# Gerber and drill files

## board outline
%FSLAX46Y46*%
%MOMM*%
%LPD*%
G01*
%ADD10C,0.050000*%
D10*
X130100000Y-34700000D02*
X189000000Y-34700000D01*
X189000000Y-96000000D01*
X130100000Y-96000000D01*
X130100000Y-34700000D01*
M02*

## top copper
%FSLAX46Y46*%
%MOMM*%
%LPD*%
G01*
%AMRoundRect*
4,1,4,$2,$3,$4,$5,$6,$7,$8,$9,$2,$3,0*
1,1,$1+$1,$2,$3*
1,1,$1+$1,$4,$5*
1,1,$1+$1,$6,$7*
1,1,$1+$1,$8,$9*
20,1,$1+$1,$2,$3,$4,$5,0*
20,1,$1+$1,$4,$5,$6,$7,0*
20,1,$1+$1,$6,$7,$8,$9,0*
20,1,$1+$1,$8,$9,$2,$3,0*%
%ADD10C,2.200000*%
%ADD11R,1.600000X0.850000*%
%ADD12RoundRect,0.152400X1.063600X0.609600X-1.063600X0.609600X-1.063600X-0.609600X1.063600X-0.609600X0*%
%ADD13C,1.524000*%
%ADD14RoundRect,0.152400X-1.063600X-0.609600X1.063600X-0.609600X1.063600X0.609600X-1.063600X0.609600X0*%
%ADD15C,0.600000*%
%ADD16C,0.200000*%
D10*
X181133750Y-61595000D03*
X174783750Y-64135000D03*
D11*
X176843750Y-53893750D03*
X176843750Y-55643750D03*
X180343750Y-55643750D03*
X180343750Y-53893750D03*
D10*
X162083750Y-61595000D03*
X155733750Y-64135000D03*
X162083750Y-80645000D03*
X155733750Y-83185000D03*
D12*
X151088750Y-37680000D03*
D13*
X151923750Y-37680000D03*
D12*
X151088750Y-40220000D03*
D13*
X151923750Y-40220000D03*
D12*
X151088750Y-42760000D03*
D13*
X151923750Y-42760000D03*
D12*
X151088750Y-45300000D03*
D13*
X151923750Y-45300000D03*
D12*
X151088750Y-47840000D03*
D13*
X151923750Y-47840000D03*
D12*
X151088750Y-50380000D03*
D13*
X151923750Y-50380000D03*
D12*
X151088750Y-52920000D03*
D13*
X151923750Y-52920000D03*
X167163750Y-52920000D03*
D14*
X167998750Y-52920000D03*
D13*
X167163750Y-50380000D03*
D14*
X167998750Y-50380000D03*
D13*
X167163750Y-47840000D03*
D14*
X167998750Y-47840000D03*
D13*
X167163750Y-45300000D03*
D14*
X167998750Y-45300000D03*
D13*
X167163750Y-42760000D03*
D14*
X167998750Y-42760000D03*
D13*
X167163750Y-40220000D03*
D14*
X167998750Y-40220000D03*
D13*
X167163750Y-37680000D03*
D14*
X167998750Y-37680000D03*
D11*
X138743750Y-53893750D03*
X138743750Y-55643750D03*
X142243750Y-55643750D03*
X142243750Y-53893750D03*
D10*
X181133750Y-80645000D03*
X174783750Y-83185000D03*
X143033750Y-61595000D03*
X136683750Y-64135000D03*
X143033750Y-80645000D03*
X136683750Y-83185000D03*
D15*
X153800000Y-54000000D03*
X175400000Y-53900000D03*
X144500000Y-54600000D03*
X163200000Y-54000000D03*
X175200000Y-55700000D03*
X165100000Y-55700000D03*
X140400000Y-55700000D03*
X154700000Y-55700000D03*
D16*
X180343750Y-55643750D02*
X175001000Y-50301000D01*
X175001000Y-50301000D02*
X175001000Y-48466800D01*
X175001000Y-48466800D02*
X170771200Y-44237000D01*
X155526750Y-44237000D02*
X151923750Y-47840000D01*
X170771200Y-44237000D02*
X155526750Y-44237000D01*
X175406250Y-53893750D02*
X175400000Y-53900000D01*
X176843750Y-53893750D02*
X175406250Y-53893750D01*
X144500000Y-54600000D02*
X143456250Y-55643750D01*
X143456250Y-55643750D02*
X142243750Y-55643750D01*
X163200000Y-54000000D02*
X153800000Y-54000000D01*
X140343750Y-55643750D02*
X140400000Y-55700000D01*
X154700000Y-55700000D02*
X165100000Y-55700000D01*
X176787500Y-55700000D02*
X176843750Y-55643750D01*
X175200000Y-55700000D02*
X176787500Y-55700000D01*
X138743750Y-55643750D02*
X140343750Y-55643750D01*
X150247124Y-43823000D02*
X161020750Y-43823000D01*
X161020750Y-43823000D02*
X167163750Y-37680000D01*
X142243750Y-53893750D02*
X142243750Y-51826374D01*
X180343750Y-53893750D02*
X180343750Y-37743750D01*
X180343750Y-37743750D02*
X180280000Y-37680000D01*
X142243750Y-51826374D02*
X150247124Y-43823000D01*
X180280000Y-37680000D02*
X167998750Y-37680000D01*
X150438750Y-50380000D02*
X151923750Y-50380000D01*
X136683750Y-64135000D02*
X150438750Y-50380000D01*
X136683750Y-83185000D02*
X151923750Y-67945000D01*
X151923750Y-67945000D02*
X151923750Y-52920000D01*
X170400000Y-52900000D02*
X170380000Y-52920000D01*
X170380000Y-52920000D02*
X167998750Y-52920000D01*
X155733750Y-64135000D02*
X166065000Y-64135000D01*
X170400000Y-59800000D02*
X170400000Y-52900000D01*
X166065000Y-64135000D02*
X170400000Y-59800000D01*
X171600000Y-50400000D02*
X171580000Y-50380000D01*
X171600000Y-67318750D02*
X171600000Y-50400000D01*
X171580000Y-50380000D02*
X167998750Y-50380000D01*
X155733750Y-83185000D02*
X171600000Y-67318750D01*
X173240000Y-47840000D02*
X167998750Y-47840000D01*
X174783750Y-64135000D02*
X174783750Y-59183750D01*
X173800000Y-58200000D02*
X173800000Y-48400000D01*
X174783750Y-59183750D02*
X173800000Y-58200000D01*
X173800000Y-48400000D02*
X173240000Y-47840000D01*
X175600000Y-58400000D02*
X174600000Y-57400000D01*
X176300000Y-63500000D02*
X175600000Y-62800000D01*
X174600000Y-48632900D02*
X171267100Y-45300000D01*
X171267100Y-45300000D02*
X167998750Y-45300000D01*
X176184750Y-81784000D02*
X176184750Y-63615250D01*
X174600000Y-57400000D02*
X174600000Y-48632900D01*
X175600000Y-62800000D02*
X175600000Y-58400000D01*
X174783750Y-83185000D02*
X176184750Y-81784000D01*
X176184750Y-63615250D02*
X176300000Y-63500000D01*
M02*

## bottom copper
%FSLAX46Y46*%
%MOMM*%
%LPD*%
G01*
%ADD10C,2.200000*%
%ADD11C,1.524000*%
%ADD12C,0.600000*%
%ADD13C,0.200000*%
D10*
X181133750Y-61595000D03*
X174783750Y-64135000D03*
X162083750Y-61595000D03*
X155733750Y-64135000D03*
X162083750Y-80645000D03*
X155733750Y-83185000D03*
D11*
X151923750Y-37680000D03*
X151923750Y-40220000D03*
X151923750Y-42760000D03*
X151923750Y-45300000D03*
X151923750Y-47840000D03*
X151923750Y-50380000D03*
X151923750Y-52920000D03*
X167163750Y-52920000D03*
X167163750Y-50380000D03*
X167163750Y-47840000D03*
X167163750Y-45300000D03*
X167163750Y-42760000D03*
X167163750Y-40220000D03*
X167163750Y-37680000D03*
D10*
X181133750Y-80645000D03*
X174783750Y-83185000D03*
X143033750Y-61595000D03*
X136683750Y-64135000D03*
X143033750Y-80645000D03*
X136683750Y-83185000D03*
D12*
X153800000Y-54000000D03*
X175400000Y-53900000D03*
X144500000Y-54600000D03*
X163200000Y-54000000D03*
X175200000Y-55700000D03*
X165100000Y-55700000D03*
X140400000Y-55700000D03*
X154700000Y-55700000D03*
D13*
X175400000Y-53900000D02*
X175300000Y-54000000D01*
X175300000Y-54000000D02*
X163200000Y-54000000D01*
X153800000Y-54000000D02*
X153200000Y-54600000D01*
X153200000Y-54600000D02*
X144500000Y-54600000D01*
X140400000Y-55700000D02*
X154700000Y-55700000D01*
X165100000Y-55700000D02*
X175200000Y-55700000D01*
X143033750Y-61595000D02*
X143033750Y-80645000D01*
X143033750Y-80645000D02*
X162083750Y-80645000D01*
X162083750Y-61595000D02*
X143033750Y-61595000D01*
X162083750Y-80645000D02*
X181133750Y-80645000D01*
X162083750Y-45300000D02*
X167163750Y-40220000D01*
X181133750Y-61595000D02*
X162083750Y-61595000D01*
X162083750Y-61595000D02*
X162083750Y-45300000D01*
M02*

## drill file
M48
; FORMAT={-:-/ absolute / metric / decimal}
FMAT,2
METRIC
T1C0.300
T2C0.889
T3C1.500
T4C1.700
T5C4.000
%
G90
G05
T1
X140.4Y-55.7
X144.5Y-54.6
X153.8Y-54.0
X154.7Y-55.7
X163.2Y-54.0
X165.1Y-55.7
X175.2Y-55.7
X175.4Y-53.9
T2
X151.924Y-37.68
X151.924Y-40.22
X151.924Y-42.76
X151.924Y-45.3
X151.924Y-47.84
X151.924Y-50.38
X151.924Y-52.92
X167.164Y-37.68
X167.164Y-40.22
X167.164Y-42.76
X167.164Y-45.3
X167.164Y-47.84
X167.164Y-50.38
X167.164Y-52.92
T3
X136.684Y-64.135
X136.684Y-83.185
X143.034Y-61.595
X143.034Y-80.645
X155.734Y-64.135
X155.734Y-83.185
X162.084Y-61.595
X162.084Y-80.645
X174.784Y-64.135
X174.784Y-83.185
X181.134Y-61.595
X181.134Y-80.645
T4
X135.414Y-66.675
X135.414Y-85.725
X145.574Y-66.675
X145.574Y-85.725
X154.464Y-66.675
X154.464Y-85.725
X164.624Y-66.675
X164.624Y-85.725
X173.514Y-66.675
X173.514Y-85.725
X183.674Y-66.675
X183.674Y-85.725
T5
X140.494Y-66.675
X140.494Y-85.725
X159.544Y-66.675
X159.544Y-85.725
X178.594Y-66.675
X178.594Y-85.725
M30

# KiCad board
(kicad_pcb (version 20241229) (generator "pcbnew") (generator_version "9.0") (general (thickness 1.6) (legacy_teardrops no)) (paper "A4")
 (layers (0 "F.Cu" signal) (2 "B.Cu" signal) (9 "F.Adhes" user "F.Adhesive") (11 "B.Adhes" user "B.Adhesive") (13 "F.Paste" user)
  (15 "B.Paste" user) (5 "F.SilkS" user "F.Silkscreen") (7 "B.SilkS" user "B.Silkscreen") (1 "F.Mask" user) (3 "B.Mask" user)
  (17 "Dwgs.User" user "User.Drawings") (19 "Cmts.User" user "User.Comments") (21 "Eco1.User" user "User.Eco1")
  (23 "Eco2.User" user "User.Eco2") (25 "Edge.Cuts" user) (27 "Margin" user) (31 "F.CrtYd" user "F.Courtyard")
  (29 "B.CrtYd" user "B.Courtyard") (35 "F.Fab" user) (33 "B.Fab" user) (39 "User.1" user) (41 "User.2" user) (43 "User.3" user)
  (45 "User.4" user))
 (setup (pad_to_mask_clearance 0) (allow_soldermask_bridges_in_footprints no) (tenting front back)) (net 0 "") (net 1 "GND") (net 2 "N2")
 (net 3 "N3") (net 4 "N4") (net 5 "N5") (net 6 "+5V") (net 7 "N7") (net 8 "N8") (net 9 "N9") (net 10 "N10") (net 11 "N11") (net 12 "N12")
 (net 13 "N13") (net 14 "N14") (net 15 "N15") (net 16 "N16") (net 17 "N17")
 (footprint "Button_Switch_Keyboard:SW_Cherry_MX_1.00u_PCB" (layer "F.Cu") (at 181.13375 61.595)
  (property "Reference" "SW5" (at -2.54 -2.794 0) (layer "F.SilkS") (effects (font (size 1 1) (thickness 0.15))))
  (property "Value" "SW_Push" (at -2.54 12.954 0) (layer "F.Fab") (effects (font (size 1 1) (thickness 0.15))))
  (pad "" np_thru_hole circle (at -7.62 5.08) (size 1.7 1.7) (drill 1.7) (layers "*.Cu" "*.Mask"))
  (pad "" np_thru_hole circle (at -2.54 5.08) (size 4 4) (drill 4) (layers "*.Cu" "*.Mask"))
  (pad "" np_thru_hole circle (at 2.54 5.08) (size 1.7 1.7) (drill 1.7) (layers "*.Cu" "*.Mask"))
  (pad "1" thru_hole circle (at 0 0) (size 2.2 2.2) (drill 1.5) (layers "*.Cu" "*.Mask") (remove_unused_layers no) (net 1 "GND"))
  (pad "2" thru_hole circle (at -6.35 2.54) (size 2.2 2.2) (drill 1.5) (layers "*.Cu" "*.Mask") (remove_unused_layers no) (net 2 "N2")))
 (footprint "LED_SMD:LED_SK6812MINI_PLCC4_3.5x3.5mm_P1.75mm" (layer "F.Cu") (at 178.59375 54.76875)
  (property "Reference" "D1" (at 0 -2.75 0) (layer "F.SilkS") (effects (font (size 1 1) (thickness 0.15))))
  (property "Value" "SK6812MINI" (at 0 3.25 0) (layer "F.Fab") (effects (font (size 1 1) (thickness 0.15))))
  (pad "1" smd rect (at -1.75 -0.875) (size 1.6 0.85) (layers "F.Cu" "F.Mask" "F.Paste") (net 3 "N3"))
  (pad "2" smd rect (at -1.75 0.875) (size 1.6 0.85) (layers "F.Cu" "F.Mask" "F.Paste") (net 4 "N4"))
  (pad "3" smd rect (at 1.75 0.875) (size 1.6 0.85) (layers "F.Cu" "F.Mask" "F.Paste") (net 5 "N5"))
  (pad "4" smd rect (at 1.75 -0.875) (size 1.6 0.85) (layers "F.Cu" "F.Mask" "F.Paste") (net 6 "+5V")))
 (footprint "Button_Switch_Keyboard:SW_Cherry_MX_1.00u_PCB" (layer "F.Cu") (at 162.08375 61.595)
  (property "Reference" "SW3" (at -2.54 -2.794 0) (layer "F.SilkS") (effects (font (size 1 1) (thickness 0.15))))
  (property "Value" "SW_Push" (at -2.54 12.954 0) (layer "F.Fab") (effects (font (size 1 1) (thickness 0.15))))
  (pad "" np_thru_hole circle (at -7.62 5.08) (size 1.7 1.7) (drill 1.7) (layers "*.Cu" "*.Mask"))
  (pad "" np_thru_hole circle (at -2.54 5.08) (size 4 4) (drill 4) (layers "*.Cu" "*.Mask"))
  (pad "" np_thru_hole circle (at 2.54 5.08) (size 1.7 1.7) (drill 1.7) (layers "*.Cu" "*.Mask"))
  (pad "1" thru_hole circle (at 0 0) (size 2.2 2.2) (drill 1.5) (layers "*.Cu" "*.Mask") (remove_unused_layers no) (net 1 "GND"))
  (pad "2" thru_hole circle (at -6.35 2.54) (size 2.2 2.2) (drill 1.5) (layers "*.Cu" "*.Mask") (remove_unused_layers no) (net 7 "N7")))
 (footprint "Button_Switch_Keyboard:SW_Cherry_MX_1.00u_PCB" (layer "F.Cu") (at 162.08375 80.645)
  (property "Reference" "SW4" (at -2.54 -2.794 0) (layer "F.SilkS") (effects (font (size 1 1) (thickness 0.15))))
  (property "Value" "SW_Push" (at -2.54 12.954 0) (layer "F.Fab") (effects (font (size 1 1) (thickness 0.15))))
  (pad "" np_thru_hole circle (at -7.62 5.08) (size 1.7 1.7) (drill 1.7) (layers "*.Cu" "*.Mask"))
  (pad "" np_thru_hole circle (at -2.54 5.08) (size 4 4) (drill 4) (layers "*.Cu" "*.Mask"))
  (pad "" np_thru_hole circle (at 2.54 5.08) (size 1.7 1.7) (drill 1.7) (layers "*.Cu" "*.Mask"))
  (pad "1" thru_hole circle (at 0 0) (size 2.2 2.2) (drill 1.5) (layers "*.Cu" "*.Mask") (remove_unused_layers no) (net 1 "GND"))
  (pad "2" thru_hole circle (at -6.35 2.54) (size 2.2 2.2) (drill 1.5) (layers "*.Cu" "*.Mask") (remove_unused_layers no) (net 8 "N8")))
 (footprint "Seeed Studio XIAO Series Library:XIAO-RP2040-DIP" (layer "F.Cu") (at 159.54375 45.3)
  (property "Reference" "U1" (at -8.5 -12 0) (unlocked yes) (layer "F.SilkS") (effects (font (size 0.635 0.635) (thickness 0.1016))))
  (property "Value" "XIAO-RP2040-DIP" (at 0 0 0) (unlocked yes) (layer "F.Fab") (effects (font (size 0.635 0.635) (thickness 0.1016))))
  (pad "1" smd roundrect (at -8.455 -7.62 180) (size 2.432 1.524) (layers "F.Cu" "F.Mask") (roundrect_rratio 0.1) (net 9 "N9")
   (thermal_bridge_angle 45))
  (pad "1" thru_hole circle (at -7.62 -7.62 180) (size 1.524 1.524) (drill 0.889) (layers "*.Cu" "*.Mask") (remove_unused_layers no)
   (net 9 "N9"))
  (pad "2" smd roundrect (at -8.455 -5.08 180) (size 2.432 1.524) (layers "F.Cu" "F.Mask") (roundrect_rratio 0.1) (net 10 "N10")
   (thermal_bridge_angle 45))
  (pad "2" thru_hole circle (at -7.62 -5.08 180) (size 1.524 1.524) (drill 0.889) (layers "*.Cu" "*.Mask") (remove_unused_layers no)
   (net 10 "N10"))
  (pad "3" smd roundrect (at -8.455 -2.54 180) (size 2.432 1.524) (layers "F.Cu" "F.Mask") (roundrect_rratio 0.1) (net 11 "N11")
   (thermal_bridge_angle 45))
----
DIRECTIONS = Start at the first line of the entries and stop at the line with "20,1,$1+$1,$6,$7,$8,$9,0*". Retype each of those lines exactly, both ends included.

FINISHED EXERCISE =
# Gerber and drill files

## board outline
%FSLAX46Y46*%
%MOMM*%
%LPD*%
G01*
%ADD10C,0.050000*%
D10*
X130100000Y-34700000D02*
X189000000Y-34700000D01*
X189000000Y-96000000D01*
X130100000Y-96000000D01*
X130100000Y-34700000D01*
M02*

## top copper
%FSLAX46Y46*%
%MOMM*%
%LPD*%
G01*
%AMRoundRect*
4,1,4,$2,$3,$4,$5,$6,$7,$8,$9,$2,$3,0*
1,1,$1+$1,$2,$3*
1,1,$1+$1,$4,$5*
1,1,$1+$1,$6,$7*
1,1,$1+$1,$8,$9*
20,1,$1+$1,$2,$3,$4,$5,0*
20,1,$1+$1,$4,$5,$6,$7,0*
20,1,$1+$1,$6,$7,$8,$9,0*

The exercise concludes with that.